*What the task asks*
Only lines below containing the string "Cuts" should be counted; please give that count by itself.

[Dataset entries]
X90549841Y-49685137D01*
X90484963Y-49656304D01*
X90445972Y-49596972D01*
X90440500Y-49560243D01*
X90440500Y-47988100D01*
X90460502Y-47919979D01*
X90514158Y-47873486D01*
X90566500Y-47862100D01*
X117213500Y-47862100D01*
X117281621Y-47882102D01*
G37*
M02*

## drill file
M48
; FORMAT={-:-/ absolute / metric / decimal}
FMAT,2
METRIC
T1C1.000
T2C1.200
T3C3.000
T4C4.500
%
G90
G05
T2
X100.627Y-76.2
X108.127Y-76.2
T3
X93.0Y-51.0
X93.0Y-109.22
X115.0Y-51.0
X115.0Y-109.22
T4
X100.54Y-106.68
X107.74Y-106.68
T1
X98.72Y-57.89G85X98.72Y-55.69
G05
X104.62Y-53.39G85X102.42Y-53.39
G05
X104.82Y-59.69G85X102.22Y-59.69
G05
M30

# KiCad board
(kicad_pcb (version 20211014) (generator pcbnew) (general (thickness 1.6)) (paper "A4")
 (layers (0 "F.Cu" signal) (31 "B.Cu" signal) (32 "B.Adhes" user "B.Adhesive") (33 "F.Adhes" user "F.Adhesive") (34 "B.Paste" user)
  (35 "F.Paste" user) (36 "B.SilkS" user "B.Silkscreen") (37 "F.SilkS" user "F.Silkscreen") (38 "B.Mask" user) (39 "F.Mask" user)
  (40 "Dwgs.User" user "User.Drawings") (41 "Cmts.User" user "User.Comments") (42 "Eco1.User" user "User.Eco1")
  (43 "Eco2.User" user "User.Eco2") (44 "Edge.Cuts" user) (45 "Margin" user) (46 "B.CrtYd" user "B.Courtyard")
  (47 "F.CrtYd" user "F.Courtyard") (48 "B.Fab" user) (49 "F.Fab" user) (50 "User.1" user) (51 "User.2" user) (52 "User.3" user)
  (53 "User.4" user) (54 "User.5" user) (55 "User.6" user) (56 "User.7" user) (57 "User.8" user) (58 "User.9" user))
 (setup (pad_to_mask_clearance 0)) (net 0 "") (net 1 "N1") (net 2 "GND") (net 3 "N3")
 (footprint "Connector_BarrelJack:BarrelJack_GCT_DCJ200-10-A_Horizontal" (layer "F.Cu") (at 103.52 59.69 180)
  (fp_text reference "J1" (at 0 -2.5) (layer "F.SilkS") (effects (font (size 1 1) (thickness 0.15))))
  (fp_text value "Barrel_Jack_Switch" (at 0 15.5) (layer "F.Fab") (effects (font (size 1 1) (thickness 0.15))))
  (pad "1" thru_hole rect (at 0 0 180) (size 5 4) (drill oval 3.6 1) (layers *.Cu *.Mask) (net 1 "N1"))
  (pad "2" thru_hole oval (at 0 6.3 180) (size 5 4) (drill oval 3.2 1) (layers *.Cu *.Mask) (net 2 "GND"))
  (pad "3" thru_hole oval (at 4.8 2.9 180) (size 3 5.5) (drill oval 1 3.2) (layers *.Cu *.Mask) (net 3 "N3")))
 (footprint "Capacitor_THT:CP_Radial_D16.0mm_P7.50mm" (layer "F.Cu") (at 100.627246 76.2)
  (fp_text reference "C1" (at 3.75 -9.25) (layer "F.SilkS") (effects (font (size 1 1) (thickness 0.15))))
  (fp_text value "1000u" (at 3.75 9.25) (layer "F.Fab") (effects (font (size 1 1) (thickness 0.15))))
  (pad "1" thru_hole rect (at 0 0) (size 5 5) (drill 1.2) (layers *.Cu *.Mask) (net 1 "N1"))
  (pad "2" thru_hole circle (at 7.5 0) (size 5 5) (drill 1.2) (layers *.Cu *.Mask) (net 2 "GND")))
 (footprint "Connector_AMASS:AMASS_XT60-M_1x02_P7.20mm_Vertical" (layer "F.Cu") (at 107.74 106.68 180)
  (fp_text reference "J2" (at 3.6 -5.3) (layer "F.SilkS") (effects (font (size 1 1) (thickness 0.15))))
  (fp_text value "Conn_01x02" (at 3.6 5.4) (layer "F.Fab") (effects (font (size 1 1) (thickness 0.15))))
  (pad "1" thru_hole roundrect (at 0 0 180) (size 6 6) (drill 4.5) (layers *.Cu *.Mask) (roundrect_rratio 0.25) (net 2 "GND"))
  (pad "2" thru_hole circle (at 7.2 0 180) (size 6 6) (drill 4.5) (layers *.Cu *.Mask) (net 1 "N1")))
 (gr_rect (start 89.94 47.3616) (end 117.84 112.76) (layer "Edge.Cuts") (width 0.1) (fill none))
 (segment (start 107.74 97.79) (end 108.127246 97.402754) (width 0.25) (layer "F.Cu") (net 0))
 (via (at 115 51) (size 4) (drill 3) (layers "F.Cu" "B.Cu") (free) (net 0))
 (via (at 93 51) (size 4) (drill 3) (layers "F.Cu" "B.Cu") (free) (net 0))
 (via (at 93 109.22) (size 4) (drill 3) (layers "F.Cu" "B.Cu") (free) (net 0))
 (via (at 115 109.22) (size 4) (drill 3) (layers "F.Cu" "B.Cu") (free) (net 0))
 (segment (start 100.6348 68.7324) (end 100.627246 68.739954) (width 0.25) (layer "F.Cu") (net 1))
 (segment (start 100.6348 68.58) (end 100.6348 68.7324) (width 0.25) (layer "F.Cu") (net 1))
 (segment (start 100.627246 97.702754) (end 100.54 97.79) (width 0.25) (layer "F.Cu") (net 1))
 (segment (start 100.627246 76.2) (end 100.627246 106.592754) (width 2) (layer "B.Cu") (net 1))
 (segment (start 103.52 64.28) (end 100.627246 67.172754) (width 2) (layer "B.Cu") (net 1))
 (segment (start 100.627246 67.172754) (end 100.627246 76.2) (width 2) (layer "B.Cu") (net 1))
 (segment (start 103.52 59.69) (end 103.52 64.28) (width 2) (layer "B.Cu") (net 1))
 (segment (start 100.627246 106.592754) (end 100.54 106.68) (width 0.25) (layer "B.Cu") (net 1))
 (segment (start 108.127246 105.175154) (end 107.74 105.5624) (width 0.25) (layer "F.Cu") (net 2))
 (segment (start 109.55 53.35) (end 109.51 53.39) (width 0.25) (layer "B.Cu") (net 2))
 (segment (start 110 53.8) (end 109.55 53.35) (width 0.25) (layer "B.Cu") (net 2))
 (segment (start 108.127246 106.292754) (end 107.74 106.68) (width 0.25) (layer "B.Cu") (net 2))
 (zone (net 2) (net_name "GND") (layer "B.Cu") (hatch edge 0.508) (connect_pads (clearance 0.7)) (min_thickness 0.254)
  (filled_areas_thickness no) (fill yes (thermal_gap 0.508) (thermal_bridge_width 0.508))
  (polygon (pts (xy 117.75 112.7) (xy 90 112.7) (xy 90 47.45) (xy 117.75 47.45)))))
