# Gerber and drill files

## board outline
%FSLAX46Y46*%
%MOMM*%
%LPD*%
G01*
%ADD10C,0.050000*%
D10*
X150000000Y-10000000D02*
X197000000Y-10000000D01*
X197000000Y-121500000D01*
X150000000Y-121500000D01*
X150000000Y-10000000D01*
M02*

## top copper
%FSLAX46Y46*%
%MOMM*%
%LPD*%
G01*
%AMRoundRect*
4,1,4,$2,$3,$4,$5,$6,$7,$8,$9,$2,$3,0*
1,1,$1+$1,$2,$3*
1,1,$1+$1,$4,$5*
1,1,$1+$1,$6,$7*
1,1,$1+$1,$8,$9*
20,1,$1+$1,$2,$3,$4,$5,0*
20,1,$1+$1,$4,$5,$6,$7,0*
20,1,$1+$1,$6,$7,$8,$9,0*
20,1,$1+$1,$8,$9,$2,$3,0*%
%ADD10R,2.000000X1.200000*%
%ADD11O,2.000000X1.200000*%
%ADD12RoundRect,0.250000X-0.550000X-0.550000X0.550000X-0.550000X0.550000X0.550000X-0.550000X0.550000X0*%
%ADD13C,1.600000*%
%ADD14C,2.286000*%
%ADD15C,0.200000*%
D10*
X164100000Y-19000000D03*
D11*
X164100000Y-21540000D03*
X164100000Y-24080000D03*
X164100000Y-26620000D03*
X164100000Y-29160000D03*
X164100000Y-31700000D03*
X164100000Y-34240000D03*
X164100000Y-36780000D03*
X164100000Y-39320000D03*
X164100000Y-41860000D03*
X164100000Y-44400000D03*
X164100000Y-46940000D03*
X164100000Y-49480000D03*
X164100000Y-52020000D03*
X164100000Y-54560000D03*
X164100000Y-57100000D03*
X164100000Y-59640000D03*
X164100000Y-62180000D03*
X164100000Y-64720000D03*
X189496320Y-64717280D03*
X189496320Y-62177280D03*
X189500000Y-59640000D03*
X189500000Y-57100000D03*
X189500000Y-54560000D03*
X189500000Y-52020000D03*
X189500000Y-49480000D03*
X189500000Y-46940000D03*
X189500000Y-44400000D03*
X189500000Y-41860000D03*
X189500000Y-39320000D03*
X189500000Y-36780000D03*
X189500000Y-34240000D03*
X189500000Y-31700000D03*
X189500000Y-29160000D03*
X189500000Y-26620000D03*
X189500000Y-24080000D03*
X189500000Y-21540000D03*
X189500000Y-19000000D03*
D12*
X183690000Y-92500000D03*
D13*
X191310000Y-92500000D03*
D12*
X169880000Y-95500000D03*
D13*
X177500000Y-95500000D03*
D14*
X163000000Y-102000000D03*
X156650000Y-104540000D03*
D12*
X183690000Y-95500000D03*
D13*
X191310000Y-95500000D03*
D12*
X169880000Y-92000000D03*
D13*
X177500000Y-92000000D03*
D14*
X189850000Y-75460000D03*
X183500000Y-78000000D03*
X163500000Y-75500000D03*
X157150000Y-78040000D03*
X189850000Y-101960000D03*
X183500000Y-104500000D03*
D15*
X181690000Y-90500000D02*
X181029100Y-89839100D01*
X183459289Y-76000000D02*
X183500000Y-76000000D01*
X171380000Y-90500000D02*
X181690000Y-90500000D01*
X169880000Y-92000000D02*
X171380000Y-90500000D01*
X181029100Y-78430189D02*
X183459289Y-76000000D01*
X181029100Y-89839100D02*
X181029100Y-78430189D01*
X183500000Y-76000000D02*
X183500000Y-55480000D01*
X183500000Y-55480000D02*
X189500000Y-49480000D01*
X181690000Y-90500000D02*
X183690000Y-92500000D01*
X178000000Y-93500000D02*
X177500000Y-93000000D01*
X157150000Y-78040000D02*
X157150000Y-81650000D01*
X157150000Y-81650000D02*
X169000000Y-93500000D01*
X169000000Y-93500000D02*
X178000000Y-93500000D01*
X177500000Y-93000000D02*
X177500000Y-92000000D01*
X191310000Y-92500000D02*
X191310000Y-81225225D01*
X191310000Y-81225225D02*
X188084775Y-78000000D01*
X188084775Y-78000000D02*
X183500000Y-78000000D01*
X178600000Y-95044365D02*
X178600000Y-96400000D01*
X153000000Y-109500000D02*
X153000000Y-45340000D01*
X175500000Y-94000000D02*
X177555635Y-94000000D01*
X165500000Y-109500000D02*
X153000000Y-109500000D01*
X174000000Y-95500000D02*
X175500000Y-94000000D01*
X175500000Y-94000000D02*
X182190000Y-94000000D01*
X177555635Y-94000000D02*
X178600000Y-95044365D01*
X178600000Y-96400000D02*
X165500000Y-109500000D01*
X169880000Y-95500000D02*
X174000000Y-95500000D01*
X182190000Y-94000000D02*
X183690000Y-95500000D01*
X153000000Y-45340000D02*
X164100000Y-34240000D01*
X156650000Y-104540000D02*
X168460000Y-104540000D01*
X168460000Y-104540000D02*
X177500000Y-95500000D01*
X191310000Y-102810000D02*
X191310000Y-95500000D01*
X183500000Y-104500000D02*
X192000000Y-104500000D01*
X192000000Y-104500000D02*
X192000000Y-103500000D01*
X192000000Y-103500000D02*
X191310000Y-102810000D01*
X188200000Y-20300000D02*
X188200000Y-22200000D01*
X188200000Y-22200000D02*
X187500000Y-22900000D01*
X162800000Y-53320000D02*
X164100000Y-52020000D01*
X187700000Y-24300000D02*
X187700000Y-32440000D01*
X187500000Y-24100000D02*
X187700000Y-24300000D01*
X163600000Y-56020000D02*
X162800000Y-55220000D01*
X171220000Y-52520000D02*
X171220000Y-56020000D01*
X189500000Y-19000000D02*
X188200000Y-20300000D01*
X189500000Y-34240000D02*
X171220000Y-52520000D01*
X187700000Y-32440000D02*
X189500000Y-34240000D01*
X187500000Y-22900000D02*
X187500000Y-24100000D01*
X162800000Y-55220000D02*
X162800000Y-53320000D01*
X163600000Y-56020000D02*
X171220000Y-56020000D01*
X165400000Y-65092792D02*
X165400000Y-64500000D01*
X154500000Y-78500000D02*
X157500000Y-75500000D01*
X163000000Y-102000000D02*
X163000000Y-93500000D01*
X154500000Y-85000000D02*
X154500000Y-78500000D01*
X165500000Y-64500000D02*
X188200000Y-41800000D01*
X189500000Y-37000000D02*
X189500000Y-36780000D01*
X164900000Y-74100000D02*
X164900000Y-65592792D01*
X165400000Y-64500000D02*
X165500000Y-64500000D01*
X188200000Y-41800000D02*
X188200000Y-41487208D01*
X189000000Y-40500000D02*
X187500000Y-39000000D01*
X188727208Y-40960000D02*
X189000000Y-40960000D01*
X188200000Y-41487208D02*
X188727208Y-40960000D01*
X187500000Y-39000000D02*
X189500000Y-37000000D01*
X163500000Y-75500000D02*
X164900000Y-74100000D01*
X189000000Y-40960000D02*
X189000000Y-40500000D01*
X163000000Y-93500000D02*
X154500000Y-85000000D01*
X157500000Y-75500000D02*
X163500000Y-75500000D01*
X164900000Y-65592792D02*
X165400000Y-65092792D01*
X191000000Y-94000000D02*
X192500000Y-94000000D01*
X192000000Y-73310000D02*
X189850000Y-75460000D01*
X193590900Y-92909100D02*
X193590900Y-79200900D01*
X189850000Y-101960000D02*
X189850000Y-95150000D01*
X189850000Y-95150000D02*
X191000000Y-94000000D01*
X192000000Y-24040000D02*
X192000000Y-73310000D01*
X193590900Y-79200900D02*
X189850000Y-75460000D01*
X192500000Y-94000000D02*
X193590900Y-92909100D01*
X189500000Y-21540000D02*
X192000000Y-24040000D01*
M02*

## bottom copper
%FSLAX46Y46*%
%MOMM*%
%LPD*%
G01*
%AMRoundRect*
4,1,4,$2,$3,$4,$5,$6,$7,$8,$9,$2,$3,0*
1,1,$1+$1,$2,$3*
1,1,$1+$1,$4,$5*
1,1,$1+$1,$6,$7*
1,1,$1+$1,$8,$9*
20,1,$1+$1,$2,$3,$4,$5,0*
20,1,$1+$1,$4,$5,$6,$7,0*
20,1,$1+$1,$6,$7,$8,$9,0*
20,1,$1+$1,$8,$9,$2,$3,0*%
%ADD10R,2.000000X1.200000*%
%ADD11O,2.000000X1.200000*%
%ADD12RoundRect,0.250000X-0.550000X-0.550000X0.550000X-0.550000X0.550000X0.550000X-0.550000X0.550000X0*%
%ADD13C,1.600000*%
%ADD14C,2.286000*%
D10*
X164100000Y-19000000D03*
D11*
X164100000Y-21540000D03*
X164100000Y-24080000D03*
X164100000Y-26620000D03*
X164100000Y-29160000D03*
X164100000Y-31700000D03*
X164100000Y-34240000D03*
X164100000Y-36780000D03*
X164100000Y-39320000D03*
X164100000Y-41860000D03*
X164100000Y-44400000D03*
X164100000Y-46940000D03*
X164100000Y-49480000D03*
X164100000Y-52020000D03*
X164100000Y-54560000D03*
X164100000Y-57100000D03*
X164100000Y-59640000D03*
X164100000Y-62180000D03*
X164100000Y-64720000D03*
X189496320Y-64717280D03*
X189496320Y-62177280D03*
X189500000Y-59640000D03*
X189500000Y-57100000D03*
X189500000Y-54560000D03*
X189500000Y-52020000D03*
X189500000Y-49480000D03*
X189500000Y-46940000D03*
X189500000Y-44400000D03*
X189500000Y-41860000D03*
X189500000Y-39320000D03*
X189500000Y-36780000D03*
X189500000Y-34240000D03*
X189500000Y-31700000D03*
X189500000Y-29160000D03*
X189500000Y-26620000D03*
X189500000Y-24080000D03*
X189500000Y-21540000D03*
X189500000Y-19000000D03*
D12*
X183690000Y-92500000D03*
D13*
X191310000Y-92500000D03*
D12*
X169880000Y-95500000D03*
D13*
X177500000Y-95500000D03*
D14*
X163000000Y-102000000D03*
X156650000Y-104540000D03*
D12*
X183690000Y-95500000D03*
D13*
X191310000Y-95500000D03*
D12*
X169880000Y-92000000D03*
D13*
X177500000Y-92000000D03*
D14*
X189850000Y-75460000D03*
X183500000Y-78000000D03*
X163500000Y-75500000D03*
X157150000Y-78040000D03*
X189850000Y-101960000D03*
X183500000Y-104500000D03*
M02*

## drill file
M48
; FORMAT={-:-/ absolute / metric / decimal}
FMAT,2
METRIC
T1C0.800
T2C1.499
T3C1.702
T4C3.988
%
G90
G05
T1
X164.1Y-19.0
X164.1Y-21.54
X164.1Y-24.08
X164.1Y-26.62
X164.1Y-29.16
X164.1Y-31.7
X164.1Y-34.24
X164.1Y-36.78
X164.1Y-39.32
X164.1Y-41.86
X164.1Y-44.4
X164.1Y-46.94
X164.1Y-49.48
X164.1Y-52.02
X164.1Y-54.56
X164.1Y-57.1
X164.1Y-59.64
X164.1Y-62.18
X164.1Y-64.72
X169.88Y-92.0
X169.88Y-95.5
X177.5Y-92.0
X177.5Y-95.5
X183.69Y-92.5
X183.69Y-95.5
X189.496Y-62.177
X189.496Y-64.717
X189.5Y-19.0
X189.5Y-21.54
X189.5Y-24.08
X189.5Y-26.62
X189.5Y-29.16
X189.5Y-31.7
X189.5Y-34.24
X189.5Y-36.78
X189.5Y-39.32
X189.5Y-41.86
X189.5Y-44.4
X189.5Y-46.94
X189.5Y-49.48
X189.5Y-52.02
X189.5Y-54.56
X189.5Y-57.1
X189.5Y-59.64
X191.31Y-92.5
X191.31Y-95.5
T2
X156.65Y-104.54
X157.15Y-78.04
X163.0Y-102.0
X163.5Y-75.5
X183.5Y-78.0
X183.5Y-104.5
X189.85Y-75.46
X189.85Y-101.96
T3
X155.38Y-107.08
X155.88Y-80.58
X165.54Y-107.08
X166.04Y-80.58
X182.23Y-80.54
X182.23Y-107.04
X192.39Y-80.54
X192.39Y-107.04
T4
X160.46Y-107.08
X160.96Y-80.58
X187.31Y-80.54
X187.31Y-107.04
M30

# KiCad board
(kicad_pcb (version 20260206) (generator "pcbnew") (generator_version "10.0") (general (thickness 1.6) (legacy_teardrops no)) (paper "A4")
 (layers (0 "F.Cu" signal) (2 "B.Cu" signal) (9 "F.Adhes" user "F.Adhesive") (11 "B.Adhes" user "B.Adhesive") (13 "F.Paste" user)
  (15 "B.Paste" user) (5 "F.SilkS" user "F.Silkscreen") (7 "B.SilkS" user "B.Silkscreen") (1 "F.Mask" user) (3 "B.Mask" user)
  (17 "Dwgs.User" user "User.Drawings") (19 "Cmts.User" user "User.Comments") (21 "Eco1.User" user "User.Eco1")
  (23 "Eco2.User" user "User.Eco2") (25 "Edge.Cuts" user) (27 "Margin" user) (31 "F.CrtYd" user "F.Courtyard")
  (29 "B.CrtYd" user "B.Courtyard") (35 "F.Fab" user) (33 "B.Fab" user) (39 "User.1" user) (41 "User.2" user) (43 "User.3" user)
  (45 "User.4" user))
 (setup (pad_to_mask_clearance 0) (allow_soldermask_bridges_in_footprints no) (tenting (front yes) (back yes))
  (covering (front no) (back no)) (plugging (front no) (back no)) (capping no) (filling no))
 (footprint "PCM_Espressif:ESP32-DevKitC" (layer "F.Cu") (at 164.1 19)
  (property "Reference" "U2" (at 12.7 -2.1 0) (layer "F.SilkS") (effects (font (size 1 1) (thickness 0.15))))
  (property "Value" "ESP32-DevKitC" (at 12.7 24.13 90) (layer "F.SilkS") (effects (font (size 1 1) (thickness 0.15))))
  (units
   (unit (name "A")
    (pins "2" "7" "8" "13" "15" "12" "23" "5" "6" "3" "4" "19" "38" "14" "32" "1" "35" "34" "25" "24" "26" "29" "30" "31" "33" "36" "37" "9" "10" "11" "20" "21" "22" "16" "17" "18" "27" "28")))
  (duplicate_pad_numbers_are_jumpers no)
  (pad "1" thru_hole rect (at 0 0 270) (size 1.2 2) (drill 0.8) (layers "*.Cu" "*.Mask") (remove_unused_layers no) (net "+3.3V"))
  (pad "2" thru_hole oval (at 0 2.54 270) (size 1.2 2) (drill 0.8) (layers "*.Cu" "*.Mask") (remove_unused_layers no)
   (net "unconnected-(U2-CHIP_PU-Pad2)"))
  (pad "3" thru_hole oval (at 0 5.08 270) (size 1.2 2) (drill 0.8) (layers "*.Cu" "*.Mask") (remove_unused_layers no)
   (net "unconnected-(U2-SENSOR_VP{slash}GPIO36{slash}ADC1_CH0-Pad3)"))
  (pad "4" thru_hole oval (at 0 7.62 270) (size 1.2 2) (drill 0.8) (layers "*.Cu" "*.Mask") (remove_unused_layers no)
   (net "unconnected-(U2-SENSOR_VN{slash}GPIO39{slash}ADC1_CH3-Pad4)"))
  (pad "5" thru_hole oval (at 0 10.16 270) (size 1.2 2) (drill 0.8) (layers "*.Cu" "*.Mask") (remove_unused_layers no)
   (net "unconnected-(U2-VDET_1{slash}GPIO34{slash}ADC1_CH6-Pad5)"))
  (pad "6" thru_hole oval (at 0 12.7 270) (size 1.2 2) (drill 0.8) (layers "*.Cu" "*.Mask") (remove_unused_layers no)
   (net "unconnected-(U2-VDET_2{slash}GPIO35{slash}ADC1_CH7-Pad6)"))
  (pad "7" thru_hole oval (at 0 15.24 270) (size 1.2 2) (drill 0.8) (layers "*.Cu" "*.Mask") (remove_unused_layers no) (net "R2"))
  (pad "8" thru_hole oval (at 0 17.78 270) (size 1.2 2) (drill 0.8) (layers "*.Cu" "*.Mask") (remove_unused_layers no)
   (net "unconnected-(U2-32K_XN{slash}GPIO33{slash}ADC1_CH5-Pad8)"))
  (pad "9" thru_hole oval (at 0 20.32 270) (size 1.2 2) (drill 0.8) (layers "*.Cu" "*.Mask") (remove_unused_layers no)
   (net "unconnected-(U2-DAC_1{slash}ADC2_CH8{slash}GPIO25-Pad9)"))
  (pad "10" thru_hole oval (at 0 22.86 270) (size 1.2 2) (drill 0.8) (layers "*.Cu" "*.Mask") (remove_unused_layers no)
   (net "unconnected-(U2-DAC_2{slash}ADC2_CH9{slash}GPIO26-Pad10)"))
  (pad "11" thru_hole oval (at 0 25.4 270) (size 1.2 2) (drill 0.8) (layers "*.Cu" "*.Mask") (remove_unused_layers no)
   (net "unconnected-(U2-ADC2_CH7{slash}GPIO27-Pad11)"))
  (pad "12" thru_hole oval (at 0 27.94 270) (size 1.2 2) (drill 0.8) (layers "*.Cu" "*.Mask") (remove_unused_layers no)
   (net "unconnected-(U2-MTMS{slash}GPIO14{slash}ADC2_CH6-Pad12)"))
  (pad "13" thru_hole oval (at 0 30.48 270) (size 1.2 2) (drill 0.8) (layers "*.Cu" "*.Mask") (remove_unused_layers no)
   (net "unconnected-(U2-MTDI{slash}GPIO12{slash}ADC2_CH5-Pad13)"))
  (pad "14" thru_hole oval (at 0 33.02 270) (size 1.2 2) (drill 0.8) (layers "*.Cu" "*.Mask") (remove_unused_layers no) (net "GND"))
  (pad "15" thru_hole oval (at 0 35.56 270) (size 1.2 2) (drill 0.8) (layers "*.Cu" "*.Mask") (remove_unused_layers no)
   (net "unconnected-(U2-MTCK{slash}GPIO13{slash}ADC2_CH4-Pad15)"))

*Completed exercise*
3